Dataset items:

----

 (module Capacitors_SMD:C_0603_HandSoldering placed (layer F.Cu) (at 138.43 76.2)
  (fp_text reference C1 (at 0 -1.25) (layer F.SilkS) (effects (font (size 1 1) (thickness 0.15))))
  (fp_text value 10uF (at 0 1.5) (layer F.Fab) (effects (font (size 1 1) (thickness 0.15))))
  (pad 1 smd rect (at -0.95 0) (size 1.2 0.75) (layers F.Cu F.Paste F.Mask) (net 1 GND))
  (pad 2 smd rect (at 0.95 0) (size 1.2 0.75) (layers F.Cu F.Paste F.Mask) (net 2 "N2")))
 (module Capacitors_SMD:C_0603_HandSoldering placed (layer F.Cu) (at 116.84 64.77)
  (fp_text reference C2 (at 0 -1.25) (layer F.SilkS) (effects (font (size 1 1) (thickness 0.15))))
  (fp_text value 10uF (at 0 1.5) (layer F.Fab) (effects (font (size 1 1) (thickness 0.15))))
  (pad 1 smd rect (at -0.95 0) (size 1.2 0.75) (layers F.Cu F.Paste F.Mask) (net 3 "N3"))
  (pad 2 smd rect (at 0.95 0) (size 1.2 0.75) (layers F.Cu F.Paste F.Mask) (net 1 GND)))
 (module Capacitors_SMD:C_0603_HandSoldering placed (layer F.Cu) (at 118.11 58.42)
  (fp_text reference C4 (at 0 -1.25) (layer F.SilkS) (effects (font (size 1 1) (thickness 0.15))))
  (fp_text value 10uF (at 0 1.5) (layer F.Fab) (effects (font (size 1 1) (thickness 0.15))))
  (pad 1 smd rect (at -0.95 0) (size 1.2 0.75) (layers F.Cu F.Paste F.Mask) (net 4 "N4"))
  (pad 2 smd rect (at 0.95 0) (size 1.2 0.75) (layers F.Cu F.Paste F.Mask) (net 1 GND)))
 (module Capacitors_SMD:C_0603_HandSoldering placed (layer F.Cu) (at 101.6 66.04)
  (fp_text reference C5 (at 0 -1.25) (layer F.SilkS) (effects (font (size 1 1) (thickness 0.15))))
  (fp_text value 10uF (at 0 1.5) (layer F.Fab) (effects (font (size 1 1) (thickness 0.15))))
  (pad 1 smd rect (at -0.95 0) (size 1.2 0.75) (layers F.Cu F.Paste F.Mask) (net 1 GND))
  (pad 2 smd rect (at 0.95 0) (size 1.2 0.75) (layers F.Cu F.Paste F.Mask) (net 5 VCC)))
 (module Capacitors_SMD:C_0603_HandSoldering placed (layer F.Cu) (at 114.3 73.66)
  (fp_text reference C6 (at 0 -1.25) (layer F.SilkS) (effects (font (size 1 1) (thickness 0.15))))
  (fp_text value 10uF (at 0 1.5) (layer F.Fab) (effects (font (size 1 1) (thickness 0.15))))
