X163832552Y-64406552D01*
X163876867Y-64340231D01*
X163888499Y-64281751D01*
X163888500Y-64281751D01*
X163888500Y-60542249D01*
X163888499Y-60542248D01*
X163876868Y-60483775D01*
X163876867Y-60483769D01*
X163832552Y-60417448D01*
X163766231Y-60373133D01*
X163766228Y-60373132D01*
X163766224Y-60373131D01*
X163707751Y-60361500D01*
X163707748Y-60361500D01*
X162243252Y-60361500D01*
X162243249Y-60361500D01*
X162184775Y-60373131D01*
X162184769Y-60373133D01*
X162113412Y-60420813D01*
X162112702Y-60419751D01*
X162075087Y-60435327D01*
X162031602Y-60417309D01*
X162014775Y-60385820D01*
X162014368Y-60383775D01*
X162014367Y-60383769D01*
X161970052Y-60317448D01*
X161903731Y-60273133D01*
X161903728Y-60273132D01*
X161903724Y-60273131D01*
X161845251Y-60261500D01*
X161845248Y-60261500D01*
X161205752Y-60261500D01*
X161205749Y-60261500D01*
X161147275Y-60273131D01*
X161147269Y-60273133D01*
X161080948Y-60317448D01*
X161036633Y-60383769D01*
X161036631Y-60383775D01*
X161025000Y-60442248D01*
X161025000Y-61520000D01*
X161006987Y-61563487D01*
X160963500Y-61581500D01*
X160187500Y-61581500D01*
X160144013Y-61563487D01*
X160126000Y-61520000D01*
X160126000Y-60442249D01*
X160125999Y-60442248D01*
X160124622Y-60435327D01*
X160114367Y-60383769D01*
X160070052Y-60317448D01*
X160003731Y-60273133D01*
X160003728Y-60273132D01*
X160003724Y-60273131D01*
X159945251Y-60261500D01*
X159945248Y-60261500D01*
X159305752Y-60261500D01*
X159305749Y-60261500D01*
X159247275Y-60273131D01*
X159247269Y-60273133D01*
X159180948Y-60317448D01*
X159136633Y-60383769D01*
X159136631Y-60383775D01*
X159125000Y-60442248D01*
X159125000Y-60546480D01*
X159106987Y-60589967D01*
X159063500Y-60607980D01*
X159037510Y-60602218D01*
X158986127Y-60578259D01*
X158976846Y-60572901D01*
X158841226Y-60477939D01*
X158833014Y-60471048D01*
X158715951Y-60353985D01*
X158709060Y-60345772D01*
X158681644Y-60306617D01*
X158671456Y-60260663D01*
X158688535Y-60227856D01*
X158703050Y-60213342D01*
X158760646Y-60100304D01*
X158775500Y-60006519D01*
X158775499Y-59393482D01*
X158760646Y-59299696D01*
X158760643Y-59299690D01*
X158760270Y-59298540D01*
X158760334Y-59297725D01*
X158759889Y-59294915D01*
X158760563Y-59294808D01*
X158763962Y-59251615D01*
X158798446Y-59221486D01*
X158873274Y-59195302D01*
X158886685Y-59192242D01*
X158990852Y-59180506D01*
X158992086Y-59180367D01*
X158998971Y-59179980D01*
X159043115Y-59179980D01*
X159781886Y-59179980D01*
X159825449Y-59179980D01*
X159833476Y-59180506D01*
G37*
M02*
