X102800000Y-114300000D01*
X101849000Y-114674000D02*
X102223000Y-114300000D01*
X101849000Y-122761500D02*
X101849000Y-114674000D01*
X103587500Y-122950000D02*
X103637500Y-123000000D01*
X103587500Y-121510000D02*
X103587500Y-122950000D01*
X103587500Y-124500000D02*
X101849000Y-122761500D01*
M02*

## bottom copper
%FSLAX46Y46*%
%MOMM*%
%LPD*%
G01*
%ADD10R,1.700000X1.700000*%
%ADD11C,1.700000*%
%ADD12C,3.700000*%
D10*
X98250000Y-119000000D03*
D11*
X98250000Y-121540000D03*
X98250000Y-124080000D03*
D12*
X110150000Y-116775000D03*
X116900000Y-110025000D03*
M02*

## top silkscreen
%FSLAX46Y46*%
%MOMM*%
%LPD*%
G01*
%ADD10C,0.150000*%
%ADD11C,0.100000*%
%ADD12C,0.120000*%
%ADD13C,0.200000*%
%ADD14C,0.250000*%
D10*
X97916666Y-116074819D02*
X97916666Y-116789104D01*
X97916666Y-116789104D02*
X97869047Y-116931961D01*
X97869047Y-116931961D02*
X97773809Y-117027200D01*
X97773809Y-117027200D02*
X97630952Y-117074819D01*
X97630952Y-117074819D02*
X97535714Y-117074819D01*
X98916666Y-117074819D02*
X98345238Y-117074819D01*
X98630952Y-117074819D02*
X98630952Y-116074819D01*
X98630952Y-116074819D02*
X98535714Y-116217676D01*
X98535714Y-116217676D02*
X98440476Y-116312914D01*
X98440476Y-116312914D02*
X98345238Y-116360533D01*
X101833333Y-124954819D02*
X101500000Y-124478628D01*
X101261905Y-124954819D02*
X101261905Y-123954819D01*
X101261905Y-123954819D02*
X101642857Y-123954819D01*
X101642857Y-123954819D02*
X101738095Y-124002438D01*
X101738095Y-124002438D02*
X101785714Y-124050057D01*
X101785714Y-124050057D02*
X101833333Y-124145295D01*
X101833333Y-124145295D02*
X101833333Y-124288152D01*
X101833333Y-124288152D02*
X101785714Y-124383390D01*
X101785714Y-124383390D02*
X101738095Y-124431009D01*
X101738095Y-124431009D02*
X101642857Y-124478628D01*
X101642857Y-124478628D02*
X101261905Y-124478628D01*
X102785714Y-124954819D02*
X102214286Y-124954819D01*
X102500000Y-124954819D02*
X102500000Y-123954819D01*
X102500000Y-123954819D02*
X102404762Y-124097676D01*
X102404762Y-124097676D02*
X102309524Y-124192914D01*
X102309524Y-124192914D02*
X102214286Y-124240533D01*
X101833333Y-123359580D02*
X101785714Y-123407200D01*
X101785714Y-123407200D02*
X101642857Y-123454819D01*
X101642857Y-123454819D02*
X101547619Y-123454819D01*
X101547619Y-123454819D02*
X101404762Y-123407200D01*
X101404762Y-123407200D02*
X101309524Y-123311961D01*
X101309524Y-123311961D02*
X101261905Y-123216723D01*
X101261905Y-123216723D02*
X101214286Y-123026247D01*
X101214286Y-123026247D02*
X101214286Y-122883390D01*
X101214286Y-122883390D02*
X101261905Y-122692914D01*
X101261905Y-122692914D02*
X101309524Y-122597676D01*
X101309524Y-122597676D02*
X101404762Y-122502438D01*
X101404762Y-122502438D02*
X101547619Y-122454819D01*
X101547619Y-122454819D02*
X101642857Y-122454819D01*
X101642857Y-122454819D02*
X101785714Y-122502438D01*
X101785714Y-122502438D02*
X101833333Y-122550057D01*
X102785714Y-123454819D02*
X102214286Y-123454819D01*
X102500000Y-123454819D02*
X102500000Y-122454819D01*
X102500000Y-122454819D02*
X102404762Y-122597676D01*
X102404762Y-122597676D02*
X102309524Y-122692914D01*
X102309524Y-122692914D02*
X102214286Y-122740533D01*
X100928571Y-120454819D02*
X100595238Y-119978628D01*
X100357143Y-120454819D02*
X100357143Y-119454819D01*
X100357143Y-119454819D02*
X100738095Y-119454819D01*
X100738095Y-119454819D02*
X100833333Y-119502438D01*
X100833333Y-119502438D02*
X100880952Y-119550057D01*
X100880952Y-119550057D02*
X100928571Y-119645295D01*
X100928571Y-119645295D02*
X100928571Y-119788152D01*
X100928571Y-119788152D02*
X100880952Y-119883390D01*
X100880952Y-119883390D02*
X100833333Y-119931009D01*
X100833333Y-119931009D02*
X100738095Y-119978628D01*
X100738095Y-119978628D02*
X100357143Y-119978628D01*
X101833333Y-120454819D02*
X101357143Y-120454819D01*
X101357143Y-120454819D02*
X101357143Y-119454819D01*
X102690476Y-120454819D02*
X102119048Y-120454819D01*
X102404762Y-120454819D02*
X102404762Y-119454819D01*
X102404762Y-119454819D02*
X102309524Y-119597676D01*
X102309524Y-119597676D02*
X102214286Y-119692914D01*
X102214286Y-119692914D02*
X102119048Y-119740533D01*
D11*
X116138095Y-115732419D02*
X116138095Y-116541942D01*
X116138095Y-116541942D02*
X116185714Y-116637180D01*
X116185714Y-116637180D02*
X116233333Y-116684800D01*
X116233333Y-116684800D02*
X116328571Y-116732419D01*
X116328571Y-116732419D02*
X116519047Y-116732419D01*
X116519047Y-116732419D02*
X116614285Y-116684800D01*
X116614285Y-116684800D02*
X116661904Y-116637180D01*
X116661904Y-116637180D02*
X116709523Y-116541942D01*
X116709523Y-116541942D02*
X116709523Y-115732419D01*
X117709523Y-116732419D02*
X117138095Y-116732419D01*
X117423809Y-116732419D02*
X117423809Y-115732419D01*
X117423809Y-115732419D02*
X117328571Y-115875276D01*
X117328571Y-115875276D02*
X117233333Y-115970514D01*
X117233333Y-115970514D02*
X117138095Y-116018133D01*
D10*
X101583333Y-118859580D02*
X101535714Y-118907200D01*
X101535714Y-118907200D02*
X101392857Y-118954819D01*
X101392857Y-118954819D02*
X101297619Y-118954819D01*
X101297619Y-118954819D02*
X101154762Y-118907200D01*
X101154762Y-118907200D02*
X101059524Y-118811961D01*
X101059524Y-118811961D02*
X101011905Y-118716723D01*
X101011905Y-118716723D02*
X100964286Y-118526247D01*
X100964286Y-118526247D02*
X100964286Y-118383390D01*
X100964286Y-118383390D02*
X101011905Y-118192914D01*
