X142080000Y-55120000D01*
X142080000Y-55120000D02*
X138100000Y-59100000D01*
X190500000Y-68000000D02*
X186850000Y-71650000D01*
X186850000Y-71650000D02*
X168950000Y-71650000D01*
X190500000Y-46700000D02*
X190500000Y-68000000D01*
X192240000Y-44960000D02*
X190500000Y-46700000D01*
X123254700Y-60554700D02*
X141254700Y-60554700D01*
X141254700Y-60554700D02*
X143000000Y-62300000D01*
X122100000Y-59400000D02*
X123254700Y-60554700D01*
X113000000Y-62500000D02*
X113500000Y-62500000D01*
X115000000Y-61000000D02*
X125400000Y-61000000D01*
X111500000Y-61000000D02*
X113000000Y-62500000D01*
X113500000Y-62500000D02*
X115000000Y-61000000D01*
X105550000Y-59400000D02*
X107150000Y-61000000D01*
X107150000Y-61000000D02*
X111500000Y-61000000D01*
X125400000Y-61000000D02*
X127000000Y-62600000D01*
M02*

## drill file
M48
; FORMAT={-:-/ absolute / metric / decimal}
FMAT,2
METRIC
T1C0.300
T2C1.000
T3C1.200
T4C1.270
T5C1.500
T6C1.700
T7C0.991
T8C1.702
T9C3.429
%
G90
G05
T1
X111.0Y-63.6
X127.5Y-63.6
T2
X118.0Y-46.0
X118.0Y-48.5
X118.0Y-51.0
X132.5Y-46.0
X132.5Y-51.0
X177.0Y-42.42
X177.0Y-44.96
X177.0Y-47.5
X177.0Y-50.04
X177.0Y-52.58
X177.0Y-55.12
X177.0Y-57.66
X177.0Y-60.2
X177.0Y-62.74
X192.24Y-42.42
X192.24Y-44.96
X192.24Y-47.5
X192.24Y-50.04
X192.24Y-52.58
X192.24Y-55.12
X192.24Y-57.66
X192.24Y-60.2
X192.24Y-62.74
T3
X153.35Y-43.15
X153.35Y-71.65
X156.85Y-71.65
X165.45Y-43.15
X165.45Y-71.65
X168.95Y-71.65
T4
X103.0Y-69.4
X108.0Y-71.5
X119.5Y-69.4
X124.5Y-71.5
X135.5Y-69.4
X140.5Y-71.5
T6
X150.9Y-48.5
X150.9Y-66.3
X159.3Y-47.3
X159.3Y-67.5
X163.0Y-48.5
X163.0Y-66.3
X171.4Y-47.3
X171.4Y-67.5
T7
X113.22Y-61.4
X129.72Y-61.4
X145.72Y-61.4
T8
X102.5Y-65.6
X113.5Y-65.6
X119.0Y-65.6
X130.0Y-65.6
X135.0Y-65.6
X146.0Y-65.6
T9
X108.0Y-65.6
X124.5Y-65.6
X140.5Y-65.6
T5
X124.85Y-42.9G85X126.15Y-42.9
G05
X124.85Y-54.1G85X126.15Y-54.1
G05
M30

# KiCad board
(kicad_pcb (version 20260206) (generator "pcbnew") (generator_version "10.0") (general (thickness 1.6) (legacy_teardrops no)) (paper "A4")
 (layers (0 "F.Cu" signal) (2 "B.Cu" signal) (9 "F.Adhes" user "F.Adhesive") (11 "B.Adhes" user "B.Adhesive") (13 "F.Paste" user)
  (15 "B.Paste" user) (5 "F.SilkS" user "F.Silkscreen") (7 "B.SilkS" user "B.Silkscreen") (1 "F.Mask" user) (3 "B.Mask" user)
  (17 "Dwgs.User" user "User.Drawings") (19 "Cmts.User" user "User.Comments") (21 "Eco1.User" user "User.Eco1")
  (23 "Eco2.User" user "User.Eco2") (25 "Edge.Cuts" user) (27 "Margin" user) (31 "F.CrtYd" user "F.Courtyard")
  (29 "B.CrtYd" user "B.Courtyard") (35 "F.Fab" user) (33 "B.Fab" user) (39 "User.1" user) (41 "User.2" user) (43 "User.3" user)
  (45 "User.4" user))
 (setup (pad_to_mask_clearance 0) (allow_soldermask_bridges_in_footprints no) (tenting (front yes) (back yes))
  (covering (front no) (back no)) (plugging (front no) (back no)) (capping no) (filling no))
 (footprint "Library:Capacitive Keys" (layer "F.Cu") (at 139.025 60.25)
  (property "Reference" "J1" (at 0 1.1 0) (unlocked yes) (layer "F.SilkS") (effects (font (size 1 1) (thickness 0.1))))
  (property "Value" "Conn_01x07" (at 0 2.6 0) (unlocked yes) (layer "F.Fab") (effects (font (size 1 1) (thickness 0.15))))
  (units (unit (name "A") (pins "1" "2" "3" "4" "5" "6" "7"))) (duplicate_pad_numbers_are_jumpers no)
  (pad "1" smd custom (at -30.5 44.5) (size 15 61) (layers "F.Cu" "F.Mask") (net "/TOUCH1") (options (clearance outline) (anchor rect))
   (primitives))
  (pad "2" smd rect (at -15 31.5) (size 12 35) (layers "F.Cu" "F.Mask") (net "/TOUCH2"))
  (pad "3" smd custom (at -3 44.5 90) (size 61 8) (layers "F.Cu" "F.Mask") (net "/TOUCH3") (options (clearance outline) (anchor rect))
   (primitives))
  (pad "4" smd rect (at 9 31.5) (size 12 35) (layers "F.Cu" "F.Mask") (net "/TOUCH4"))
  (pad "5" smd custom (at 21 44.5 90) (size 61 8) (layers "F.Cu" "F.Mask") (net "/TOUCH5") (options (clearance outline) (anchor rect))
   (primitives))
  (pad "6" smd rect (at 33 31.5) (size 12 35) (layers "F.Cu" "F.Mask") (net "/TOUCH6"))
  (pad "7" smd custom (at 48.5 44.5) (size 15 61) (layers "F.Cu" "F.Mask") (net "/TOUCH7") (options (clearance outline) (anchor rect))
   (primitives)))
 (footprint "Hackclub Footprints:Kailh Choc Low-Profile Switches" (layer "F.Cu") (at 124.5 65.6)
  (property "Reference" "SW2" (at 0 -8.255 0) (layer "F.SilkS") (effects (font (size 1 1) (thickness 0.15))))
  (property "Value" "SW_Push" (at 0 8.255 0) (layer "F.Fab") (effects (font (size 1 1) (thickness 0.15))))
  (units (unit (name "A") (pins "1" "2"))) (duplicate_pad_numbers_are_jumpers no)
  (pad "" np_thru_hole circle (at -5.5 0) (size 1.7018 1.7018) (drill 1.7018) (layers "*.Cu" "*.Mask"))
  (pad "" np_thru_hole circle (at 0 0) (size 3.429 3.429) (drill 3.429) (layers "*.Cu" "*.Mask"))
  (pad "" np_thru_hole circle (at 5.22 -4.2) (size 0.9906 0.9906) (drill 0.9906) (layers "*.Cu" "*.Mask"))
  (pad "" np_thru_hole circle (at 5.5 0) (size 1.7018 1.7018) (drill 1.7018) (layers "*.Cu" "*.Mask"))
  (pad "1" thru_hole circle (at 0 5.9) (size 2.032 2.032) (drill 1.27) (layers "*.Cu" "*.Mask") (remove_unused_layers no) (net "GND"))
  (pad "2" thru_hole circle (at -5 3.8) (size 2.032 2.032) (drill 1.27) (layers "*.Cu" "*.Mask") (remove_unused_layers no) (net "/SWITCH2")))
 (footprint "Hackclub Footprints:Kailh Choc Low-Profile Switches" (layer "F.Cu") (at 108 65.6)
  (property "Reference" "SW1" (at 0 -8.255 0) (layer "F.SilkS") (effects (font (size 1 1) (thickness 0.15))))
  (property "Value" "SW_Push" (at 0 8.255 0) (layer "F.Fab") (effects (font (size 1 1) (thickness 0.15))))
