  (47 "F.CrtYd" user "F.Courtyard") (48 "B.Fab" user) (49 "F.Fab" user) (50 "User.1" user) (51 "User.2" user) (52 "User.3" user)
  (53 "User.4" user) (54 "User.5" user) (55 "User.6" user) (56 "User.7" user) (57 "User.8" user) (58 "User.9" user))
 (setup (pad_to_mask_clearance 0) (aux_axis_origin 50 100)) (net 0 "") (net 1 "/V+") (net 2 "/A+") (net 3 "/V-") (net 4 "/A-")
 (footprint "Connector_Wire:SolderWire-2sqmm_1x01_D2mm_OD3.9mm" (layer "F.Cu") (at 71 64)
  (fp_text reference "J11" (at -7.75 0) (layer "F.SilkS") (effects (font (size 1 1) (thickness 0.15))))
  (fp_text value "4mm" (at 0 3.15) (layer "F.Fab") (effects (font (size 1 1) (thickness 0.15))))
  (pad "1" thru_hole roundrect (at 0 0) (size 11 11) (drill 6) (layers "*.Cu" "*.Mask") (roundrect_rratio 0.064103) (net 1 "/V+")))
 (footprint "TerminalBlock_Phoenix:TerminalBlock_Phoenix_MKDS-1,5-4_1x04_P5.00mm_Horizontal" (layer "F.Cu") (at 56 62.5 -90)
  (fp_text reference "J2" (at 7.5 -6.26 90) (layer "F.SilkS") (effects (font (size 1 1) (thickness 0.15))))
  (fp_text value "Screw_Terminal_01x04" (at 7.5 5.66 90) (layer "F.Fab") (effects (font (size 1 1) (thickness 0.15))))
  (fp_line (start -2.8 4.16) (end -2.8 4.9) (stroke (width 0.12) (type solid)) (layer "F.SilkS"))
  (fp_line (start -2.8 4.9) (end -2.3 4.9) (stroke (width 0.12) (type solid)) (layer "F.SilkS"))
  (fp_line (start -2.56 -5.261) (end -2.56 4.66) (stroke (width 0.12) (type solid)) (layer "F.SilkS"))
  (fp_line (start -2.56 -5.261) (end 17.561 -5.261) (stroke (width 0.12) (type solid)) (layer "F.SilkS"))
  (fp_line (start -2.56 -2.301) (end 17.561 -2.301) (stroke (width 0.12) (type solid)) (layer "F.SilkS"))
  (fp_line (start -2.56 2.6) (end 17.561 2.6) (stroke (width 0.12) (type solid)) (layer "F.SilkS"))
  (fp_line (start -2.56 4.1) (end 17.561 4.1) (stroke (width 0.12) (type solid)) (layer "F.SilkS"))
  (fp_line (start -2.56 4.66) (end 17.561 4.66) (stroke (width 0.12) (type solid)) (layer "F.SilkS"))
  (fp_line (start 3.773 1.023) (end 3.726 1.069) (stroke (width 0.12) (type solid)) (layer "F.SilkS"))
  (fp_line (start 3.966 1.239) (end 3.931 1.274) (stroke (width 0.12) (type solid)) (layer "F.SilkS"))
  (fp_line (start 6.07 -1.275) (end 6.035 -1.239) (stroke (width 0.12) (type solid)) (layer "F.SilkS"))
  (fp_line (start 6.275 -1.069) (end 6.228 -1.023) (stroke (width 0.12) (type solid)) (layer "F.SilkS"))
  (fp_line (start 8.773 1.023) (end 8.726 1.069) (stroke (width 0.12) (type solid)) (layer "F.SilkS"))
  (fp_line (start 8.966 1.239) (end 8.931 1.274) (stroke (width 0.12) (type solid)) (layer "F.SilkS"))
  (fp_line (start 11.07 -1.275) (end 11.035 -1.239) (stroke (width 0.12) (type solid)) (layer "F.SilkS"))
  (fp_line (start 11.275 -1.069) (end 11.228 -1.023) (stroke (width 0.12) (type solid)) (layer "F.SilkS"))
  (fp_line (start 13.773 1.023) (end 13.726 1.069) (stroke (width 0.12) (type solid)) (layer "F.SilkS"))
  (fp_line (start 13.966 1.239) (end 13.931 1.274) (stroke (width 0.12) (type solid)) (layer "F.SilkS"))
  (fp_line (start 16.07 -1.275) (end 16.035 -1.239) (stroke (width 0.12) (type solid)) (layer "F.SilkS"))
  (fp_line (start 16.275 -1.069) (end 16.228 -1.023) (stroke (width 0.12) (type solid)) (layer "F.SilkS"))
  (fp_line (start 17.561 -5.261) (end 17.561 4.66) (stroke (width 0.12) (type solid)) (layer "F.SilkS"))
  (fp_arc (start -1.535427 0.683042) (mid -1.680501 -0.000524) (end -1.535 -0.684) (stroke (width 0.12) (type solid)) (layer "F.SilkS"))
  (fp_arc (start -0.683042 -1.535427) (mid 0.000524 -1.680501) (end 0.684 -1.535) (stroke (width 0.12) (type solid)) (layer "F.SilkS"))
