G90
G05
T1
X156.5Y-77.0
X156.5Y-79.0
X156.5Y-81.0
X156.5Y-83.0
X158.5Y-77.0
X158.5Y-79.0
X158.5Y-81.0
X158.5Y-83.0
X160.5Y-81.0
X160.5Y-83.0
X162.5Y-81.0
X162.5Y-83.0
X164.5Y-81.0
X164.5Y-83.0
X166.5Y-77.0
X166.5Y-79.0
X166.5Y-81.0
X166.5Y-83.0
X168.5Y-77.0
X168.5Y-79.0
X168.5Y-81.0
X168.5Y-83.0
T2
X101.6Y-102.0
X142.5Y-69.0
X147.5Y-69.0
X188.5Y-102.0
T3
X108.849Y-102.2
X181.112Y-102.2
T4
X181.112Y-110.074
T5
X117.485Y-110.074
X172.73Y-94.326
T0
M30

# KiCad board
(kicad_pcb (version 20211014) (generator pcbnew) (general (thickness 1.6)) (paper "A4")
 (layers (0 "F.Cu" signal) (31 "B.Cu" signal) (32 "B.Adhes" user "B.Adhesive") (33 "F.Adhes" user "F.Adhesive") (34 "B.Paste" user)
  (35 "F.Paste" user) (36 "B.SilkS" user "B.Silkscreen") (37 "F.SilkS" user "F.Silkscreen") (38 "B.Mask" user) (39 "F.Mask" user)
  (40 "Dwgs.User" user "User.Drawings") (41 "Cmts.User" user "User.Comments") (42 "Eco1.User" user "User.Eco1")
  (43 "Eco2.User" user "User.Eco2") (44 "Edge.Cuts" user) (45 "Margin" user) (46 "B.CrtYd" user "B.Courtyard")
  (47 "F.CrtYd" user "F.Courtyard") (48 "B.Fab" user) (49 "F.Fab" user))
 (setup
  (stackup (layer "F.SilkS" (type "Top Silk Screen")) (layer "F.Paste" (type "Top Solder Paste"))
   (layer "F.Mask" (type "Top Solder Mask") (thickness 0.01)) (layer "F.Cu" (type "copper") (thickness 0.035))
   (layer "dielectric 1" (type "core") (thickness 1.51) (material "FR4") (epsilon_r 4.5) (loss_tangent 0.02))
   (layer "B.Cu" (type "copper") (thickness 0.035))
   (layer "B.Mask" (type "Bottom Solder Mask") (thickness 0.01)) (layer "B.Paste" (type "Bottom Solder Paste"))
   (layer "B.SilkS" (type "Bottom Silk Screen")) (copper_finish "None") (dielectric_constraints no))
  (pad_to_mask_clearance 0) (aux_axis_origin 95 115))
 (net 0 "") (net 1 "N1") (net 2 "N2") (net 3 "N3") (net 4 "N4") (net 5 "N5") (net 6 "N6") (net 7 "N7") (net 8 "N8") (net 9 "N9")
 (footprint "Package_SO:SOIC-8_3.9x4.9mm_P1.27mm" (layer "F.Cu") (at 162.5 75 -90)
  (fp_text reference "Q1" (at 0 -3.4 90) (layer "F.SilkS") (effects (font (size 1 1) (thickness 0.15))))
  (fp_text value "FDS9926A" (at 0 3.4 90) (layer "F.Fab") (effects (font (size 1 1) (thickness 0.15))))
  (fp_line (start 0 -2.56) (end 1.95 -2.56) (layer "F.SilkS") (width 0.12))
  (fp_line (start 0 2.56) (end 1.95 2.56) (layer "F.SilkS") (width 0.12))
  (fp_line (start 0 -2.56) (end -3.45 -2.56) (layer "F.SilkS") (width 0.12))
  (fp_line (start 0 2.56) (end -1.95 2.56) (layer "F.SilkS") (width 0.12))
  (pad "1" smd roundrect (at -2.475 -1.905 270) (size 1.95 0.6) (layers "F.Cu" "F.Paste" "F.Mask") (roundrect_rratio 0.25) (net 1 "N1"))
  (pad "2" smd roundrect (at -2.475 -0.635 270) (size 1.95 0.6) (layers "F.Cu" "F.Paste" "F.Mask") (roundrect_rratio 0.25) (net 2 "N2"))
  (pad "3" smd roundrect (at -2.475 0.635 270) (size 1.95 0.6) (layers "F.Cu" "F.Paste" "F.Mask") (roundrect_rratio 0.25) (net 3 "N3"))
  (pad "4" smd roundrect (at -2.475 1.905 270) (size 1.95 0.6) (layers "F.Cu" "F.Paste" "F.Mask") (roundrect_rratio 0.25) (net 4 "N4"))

----

**Your assignment**
Scan the lines above for the word "Edge" and copy every one where it occurs.

**Answer box**
  (23 "Eco2.User" user "User.Eco2") (25 "Edge.Cuts" user) (27 "Margin" user) (31 "F.CrtYd" user "F.Courtyard")
  (43 "Eco2.User" user "User.Eco2") (44 "Edge.Cuts" user) (45 "Margin" user) (46 "B.CrtYd" user "B.Courtyard")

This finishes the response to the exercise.